Apache HBase

Apache HBase is an open-source clone of Google’s Bigtable, built on top of HDFS as the storage layer. Started in 2008 as part of the Hadoop ecosystem, HBase provides random, strongly-consistent read/write access to massive structured datasets — petabyte-scale tables with billions of rows and millions of columns. HBase remains widely deployed at large enterprises that already run Hadoop, but greenfield projects today usually choose Cassandra, ScyllaDB, or a managed wide-column service instead.

Key Features:

Bigtable Data Model. Sparse multidimensional sorted map: (row key, column family, column qualifier, timestamp) → value. Columns within a family are stored together; different rows can have entirely different columns.
Strong Consistency. Single master per region — reads and writes for a row are linearizable. Different from Cassandra’s eventual model.
HDFS Storage. SSTables (HFiles) live on HDFS, inheriting its durability, replication factor, and locality model.
Region Servers. Tables are split into row-key ranges (regions) assigned to region servers. Auto-split when a region exceeds size threshold.
HBase Shell + REST + Thrift. Multiple client surfaces; JVM is the native one.
Coprocessors. Server-side trigger / aggregation hooks — conceptual ancestor of Cassandra’s materialized views.

HBase vs. Cassandra:

HBase.

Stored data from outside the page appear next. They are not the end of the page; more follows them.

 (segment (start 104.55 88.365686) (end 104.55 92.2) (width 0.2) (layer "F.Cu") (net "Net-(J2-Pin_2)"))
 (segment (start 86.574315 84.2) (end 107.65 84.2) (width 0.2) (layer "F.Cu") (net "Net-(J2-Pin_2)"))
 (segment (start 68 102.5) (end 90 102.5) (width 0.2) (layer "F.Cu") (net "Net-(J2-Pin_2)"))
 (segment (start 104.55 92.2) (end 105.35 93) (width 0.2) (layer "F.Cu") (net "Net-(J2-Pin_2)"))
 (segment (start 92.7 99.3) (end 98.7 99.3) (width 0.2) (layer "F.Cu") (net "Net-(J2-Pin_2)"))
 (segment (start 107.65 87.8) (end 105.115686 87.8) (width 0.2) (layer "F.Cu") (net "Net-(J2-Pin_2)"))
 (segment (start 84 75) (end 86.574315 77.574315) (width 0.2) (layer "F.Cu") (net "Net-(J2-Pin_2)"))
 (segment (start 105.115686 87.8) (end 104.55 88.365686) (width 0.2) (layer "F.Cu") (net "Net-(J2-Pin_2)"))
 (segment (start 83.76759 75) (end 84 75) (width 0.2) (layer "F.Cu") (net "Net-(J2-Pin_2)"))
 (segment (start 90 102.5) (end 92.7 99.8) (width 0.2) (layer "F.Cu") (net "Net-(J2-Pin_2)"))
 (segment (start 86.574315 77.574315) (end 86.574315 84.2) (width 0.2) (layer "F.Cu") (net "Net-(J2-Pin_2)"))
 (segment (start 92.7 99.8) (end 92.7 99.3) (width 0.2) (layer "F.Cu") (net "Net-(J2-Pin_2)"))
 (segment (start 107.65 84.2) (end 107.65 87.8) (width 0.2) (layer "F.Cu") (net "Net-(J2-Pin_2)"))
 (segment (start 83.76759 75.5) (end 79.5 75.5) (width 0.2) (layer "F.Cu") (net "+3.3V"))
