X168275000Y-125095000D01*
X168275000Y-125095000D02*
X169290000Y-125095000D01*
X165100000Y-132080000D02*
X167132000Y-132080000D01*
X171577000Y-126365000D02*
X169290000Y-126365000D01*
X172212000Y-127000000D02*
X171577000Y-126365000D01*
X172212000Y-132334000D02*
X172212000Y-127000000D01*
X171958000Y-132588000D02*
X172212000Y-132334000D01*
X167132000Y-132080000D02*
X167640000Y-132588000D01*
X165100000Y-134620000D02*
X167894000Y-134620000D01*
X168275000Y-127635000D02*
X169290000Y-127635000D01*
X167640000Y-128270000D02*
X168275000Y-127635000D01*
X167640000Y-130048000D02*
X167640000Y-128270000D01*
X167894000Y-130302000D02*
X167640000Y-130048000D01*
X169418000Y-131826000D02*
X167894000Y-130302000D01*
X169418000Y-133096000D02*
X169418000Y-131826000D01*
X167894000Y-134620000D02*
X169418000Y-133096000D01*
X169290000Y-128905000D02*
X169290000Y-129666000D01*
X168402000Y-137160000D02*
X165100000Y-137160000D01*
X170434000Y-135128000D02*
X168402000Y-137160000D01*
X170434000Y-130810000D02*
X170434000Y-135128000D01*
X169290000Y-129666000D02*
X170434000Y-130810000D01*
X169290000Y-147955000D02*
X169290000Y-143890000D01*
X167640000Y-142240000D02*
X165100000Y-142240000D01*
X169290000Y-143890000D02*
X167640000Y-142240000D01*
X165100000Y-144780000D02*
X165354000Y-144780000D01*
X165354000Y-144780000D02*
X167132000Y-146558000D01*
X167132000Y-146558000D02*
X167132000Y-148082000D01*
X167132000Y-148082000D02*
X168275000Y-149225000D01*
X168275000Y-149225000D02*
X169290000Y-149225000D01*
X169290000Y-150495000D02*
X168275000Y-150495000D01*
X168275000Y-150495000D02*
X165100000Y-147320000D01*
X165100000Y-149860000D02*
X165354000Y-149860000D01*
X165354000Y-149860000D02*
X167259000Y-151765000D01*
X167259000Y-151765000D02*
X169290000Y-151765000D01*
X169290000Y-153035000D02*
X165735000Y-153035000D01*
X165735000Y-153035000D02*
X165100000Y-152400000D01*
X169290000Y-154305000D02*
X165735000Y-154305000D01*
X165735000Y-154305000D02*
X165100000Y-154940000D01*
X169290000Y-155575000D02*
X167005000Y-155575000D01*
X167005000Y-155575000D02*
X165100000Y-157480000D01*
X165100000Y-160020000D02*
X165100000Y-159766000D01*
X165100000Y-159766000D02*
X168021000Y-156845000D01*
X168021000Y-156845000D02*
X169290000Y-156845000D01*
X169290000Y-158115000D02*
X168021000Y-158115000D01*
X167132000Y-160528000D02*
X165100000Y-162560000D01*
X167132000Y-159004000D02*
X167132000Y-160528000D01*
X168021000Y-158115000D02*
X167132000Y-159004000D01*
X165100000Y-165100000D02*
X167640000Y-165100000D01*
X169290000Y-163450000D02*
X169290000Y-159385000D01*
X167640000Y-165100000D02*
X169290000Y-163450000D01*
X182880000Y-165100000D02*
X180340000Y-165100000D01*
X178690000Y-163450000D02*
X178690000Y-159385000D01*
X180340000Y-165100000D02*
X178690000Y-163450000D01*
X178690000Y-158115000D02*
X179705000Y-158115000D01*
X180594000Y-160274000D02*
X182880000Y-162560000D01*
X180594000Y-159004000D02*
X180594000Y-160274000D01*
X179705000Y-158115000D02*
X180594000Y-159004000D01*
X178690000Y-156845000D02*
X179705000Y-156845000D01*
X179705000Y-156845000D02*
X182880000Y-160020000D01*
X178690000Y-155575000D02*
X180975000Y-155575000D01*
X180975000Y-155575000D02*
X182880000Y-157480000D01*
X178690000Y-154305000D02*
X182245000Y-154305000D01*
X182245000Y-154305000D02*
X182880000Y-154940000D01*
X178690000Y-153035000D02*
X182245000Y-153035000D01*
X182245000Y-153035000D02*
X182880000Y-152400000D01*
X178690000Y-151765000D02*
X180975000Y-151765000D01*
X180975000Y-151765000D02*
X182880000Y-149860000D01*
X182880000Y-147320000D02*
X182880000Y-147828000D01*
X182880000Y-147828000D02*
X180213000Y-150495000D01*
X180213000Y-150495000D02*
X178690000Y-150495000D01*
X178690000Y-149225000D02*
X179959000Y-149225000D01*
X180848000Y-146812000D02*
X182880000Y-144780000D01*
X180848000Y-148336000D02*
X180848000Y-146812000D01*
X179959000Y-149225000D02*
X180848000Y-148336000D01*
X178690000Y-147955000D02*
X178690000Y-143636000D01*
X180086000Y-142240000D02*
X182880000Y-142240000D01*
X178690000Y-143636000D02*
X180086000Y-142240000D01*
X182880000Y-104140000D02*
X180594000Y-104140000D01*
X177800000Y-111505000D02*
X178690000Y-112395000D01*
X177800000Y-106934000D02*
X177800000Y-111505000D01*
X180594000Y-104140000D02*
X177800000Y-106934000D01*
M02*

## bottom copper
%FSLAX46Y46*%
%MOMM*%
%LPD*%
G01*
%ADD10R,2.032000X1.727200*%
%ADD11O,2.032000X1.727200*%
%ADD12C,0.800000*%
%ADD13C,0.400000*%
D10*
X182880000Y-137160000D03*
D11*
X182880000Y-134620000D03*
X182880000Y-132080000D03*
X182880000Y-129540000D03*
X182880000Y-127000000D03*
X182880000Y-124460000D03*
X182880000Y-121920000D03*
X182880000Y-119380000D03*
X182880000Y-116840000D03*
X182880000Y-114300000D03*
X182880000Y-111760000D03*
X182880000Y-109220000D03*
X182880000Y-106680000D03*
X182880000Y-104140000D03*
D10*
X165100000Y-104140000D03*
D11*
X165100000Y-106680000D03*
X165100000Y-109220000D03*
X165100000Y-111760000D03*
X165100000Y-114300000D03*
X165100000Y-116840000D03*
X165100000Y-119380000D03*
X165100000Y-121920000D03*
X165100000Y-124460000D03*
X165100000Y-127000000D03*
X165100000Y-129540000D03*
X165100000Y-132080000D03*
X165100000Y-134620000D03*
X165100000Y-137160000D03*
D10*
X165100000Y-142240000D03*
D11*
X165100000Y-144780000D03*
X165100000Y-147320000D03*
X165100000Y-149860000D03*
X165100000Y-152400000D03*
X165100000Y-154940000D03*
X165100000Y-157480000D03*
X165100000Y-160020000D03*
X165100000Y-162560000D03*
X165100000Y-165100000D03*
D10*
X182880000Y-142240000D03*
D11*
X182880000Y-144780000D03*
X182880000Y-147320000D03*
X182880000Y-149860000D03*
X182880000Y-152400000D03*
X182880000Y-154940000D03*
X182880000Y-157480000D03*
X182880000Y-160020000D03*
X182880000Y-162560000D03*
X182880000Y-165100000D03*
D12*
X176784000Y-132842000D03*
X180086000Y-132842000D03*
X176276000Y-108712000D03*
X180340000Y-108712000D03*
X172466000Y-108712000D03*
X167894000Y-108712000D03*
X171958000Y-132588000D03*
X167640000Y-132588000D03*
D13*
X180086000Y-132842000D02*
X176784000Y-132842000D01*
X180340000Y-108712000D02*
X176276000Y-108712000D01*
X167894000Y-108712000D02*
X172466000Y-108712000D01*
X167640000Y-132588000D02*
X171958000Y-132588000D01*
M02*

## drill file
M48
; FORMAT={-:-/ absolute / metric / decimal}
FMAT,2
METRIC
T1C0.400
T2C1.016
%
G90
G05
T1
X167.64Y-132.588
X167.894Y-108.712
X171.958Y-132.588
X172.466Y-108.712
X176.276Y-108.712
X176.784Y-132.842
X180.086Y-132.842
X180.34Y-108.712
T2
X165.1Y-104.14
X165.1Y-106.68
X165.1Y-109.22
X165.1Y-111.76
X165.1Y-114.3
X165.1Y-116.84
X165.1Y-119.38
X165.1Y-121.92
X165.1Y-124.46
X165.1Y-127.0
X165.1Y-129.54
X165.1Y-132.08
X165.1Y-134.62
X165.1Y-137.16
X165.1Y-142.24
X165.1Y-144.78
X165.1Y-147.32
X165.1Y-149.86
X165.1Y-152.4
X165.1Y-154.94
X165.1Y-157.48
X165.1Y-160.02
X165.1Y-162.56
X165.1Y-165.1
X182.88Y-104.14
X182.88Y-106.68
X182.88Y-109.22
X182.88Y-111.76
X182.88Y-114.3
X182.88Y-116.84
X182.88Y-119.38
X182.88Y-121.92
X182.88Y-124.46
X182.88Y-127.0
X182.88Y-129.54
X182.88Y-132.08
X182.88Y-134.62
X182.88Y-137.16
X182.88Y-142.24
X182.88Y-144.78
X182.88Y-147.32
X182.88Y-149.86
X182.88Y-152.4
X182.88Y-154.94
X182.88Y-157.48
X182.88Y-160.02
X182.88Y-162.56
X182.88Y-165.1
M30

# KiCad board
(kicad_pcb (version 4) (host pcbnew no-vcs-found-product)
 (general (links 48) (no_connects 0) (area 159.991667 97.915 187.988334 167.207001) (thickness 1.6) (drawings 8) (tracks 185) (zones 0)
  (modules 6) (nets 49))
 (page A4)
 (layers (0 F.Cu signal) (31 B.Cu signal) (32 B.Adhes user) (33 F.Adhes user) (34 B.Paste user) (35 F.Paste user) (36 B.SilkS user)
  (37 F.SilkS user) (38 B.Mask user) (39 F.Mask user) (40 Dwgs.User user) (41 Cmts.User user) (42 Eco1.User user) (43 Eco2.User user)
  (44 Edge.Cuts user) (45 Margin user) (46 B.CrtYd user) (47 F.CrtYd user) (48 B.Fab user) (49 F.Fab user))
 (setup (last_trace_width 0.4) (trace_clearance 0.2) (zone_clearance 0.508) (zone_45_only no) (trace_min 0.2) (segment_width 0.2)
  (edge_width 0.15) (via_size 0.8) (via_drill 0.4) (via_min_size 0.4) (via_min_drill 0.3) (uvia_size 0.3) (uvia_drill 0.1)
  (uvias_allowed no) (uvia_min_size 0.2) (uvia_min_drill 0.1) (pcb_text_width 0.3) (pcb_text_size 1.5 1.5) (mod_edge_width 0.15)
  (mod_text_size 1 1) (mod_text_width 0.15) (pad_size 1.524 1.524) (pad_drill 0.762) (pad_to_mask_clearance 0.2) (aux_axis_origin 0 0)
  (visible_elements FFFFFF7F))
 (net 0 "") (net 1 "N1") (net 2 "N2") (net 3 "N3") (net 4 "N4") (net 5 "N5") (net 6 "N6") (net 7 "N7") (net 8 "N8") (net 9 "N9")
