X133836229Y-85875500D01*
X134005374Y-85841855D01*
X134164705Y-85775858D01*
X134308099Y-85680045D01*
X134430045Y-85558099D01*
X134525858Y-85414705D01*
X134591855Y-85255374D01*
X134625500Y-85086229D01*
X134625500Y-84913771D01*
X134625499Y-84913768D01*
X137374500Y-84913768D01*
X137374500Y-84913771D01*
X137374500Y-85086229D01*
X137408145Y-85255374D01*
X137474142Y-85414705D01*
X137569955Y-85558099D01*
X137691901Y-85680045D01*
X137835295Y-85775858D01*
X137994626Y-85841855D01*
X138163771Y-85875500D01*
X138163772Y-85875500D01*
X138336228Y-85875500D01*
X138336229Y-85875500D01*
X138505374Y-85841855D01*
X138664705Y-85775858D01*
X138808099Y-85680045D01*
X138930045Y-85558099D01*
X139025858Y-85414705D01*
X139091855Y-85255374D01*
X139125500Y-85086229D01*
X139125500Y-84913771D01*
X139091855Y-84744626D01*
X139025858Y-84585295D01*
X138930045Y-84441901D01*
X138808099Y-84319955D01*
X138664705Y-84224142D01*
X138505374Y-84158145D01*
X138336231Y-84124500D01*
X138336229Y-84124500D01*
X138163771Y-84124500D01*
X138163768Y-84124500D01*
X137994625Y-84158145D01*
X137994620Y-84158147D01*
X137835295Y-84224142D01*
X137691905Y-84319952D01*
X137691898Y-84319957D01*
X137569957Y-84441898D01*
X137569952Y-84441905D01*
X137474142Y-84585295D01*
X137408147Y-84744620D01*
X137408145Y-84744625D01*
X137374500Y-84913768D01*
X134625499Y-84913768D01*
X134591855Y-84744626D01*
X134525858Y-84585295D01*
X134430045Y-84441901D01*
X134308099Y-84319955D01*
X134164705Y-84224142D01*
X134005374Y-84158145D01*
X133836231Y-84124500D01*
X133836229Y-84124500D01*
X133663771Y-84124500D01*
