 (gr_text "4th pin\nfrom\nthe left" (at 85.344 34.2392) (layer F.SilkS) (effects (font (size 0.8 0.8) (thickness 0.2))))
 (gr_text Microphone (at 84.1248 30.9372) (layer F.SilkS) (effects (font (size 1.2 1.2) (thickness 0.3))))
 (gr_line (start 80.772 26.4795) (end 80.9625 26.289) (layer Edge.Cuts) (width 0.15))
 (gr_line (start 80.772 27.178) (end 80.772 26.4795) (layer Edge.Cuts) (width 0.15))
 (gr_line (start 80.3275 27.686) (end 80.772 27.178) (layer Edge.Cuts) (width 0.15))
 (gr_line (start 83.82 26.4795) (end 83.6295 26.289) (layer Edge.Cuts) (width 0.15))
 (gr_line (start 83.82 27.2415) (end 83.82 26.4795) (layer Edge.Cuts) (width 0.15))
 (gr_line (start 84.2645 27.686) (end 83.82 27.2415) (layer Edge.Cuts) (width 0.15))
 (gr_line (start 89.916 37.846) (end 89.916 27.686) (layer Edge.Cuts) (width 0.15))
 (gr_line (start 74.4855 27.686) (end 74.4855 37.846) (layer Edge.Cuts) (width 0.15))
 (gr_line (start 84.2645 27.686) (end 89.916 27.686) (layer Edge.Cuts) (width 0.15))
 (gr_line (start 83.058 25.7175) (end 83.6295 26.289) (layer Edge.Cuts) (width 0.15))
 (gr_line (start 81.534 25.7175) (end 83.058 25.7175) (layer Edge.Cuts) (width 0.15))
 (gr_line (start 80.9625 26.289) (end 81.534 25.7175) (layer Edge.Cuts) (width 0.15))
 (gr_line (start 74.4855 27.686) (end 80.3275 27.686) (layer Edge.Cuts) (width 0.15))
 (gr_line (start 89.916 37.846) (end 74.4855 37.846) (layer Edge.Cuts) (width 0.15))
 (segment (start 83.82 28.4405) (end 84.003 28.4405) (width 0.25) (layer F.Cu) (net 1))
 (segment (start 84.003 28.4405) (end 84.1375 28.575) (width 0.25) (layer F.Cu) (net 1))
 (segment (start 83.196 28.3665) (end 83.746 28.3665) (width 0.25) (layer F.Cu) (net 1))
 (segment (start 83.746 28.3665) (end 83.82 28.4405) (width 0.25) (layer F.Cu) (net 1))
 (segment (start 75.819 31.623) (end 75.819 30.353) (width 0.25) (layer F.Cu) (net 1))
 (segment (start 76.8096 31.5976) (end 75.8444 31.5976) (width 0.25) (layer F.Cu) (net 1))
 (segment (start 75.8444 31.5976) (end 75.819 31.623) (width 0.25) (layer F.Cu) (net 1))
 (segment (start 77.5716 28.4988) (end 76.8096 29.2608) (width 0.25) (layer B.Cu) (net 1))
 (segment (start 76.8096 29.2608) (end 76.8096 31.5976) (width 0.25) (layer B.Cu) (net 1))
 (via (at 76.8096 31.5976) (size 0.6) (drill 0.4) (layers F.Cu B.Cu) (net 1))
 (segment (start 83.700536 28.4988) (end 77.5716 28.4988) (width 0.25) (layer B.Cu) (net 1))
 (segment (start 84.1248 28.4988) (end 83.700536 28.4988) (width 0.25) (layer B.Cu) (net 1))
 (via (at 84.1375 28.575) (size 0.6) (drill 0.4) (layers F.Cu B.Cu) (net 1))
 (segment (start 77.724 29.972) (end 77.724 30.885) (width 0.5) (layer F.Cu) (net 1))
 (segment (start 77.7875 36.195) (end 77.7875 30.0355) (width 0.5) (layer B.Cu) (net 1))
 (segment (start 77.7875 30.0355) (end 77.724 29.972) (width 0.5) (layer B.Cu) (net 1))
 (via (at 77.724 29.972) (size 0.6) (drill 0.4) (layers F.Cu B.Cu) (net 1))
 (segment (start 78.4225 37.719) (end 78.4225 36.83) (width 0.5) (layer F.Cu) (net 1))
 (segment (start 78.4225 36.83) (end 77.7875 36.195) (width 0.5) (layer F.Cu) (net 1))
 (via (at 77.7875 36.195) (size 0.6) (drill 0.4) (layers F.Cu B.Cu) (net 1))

Strong consistency, single master per region, HDFS-backed. Best when you already run Hadoop and want strong consistency.
Cassandra. Eventual consistency, masterless, multi-region native. Best for write-heavy and multi-DC workloads.
Both implement Bigtable-style wide-column data models with very similar query semantics.

Use Cases:

Operational data stores on top of an existing Hadoop cluster.
Massive time-series tables (Open TSDB built on HBase).
Real-time random access to data also queried by MapReduce / Spark batch jobs.
Facebook Messages, Yahoo, AdRoll, and many financial-services workloads ran on HBase historically.

Notes:

HBase’s master-region-server topology has more operational complexity than Cassandra’s peer-to-peer ring. For new deployments today the question usually becomes “HBase or Cassandra/Scylla?” — HBase wins when strong consistency is required and Hadoop infrastructure is already in place; otherwise Cassandra or a managed Bigtable / DynamoDB equivalent is typically simpler.